BEGIN Given data
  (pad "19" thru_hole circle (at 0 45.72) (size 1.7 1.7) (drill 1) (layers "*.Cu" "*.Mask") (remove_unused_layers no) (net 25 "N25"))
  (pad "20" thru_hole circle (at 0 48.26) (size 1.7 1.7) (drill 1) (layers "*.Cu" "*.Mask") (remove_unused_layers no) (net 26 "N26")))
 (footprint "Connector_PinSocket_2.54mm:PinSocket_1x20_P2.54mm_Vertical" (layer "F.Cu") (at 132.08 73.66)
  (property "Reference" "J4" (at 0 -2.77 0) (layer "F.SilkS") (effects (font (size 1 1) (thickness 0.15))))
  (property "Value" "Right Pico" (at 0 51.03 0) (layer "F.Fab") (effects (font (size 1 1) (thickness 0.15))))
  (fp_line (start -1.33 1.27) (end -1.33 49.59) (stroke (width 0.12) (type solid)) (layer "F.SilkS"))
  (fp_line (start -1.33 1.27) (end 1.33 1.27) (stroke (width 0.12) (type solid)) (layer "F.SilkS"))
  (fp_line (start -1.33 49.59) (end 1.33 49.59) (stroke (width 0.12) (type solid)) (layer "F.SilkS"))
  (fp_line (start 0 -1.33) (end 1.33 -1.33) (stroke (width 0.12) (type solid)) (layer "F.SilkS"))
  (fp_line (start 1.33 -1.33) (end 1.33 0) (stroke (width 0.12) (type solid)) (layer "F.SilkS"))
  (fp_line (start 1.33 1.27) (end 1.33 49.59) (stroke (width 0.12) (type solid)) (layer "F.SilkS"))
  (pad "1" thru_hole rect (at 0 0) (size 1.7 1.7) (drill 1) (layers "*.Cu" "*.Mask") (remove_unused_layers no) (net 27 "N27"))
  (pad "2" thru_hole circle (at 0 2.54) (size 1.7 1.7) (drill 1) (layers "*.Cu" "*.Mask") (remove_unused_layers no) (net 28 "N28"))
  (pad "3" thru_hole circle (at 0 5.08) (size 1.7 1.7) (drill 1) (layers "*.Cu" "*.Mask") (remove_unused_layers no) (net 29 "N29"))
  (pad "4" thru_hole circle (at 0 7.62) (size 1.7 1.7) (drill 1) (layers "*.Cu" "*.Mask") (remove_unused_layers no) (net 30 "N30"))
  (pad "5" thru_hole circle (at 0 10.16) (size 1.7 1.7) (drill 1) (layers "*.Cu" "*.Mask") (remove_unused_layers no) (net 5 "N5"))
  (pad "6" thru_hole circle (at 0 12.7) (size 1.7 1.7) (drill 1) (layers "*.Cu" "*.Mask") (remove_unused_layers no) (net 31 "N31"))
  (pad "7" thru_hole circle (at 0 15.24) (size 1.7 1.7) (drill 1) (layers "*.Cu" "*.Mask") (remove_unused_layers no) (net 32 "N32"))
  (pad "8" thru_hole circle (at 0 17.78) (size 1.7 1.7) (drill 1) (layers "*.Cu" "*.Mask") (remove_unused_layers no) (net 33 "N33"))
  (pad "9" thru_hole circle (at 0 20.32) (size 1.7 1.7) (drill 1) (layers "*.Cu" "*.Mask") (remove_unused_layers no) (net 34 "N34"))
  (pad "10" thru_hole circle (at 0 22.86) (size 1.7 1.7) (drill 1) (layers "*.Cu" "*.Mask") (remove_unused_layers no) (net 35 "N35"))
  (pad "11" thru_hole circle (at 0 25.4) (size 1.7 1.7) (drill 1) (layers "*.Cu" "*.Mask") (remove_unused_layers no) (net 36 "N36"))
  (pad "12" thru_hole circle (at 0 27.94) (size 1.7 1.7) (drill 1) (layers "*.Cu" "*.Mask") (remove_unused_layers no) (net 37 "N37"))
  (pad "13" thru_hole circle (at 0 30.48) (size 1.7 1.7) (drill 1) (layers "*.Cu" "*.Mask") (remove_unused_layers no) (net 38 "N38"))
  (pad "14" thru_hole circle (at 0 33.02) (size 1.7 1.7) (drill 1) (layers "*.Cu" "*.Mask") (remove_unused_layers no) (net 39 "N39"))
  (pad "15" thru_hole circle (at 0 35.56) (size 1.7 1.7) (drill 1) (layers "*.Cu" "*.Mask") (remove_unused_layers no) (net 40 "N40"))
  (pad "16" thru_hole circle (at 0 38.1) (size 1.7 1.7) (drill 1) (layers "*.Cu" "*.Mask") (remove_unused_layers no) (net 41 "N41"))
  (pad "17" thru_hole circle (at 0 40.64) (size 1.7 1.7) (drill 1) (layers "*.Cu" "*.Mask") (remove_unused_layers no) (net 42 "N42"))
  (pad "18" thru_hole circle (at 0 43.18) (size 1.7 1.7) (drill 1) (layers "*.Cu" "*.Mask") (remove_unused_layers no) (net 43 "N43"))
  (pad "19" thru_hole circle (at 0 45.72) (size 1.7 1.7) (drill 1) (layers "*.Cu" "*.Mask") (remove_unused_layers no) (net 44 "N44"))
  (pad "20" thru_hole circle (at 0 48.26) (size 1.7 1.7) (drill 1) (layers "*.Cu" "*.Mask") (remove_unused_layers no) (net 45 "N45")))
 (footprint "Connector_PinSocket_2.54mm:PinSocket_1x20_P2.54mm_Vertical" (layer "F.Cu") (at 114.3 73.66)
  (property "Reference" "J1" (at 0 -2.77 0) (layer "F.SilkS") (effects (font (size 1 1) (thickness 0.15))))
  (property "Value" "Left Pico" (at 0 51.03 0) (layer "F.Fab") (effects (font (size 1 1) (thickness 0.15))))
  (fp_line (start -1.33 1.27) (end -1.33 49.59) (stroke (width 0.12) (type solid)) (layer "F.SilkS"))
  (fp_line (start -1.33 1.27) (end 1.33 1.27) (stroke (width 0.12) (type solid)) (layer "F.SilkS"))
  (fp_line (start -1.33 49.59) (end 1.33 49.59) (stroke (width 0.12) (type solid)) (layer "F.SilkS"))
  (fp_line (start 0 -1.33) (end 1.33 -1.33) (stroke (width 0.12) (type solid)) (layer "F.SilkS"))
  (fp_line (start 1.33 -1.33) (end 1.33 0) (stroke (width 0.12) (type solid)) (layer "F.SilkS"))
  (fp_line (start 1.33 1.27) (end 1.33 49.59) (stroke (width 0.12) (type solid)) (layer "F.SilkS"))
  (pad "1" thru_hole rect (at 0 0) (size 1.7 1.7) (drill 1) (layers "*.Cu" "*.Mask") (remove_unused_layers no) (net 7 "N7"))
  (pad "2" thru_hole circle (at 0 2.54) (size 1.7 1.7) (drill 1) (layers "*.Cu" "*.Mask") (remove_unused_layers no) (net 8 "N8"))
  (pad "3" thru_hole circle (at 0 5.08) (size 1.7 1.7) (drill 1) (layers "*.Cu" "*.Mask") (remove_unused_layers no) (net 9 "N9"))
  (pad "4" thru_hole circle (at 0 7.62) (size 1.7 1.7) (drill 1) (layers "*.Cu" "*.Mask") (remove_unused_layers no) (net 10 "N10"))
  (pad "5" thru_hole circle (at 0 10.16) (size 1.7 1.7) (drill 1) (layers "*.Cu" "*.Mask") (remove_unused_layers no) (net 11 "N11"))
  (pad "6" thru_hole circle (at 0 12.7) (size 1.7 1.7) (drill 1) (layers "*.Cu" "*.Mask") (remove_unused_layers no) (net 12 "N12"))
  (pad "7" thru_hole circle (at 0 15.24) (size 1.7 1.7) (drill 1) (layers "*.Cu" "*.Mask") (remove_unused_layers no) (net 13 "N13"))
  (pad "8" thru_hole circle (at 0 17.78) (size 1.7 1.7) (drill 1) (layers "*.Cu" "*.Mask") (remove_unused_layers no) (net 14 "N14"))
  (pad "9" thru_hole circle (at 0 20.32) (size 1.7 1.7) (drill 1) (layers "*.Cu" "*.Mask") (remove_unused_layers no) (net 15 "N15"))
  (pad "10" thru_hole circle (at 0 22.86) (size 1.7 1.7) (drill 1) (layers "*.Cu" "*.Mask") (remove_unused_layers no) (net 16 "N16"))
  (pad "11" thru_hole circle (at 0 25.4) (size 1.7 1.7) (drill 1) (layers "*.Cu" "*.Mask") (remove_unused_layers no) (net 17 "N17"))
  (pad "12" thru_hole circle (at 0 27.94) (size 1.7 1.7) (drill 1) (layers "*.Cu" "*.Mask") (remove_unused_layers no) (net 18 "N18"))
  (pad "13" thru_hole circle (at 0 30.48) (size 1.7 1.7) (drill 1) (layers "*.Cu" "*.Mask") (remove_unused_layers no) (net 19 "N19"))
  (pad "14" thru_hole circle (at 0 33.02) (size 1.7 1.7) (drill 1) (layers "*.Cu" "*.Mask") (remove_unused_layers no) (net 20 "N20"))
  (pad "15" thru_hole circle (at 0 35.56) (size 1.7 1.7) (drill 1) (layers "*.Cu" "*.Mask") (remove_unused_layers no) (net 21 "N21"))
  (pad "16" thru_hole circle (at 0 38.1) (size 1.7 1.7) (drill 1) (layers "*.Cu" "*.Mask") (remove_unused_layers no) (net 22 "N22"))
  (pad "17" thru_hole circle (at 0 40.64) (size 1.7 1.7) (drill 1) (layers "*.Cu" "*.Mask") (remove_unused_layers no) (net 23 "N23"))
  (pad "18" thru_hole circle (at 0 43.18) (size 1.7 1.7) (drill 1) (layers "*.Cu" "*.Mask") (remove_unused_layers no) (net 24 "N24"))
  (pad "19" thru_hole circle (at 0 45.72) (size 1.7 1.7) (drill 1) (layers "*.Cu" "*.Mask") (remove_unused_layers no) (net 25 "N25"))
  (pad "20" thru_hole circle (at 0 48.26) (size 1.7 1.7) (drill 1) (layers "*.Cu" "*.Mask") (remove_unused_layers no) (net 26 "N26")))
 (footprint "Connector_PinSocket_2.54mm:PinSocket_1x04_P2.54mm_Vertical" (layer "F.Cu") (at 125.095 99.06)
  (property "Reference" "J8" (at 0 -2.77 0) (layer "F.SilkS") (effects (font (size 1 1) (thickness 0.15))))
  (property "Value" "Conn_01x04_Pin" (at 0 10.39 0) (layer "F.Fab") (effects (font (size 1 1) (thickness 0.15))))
END Given data
§ **Task**:
Please return only the lines from the one that contains "no) (net 18" through the final line of the entries, each exactly as written.

§ **Completed exercise**:
  (pad "12" thru_hole circle (at 0 27.94) (size 1.7 1.7) (drill 1) (layers "*.Cu" "*.Mask") (remove_unused_layers no) (net 18 "N18"))
  (pad "13" thru_hole circle (at 0 30.48) (size 1.7 1.7) (drill 1) (layers "*.Cu" "*.Mask") (remove_unused_layers no) (net 19 "N19"))
  (pad "14" thru_hole circle (at 0 33.02) (size 1.7 1.7) (drill 1) (layers "*.Cu" "*.Mask") (remove_unused_layers no) (net 20 "N20"))
  (pad "15" thru_hole circle (at 0 35.56) (size 1.7 1.7) (drill 1) (layers "*.Cu" "*.Mask") (remove_unused_layers no) (net 21 "N21"))
  (pad "16" thru_hole circle (at 0 38.1) (size 1.7 1.7) (drill 1) (layers "*.Cu" "*.Mask") (remove_unused_layers no) (net 22 "N22"))
  (pad "17" thru_hole circle (at 0 40.64) (size 1.7 1.7) (drill 1) (layers "*.Cu" "*.Mask") (remove_unused_layers no) (net 23 "N23"))
  (pad "18" thru_hole circle (at 0 43.18) (size 1.7 1.7) (drill 1) (layers "*.Cu" "*.Mask") (remove_unused_layers no) (net 24 "N24"))
  (pad "19" thru_hole circle (at 0 45.72) (size 1.7 1.7) (drill 1) (layers "*.Cu" "*.Mask") (remove_unused_layers no) (net 25 "N25"))
  (pad "20" thru_hole circle (at 0 48.26) (size 1.7 1.7) (drill 1) (layers "*.Cu" "*.Mask") (remove_unused_layers no) (net 26 "N26")))
 (footprint "Connector_PinSocket_2.54mm:PinSocket_1x04_P2.54mm_Vertical" (layer "F.Cu") (at 125.095 99.06)
  (property "Reference" "J8" (at 0 -2.77 0) (layer "F.SilkS") (effects (font (size 1 1) (thickness 0.15))))
  (property "Value" "Conn_01x04_Pin" (at 0 10.39 0) (layer "F.Fab") (effects (font (size 1 1) (thickness 0.15))))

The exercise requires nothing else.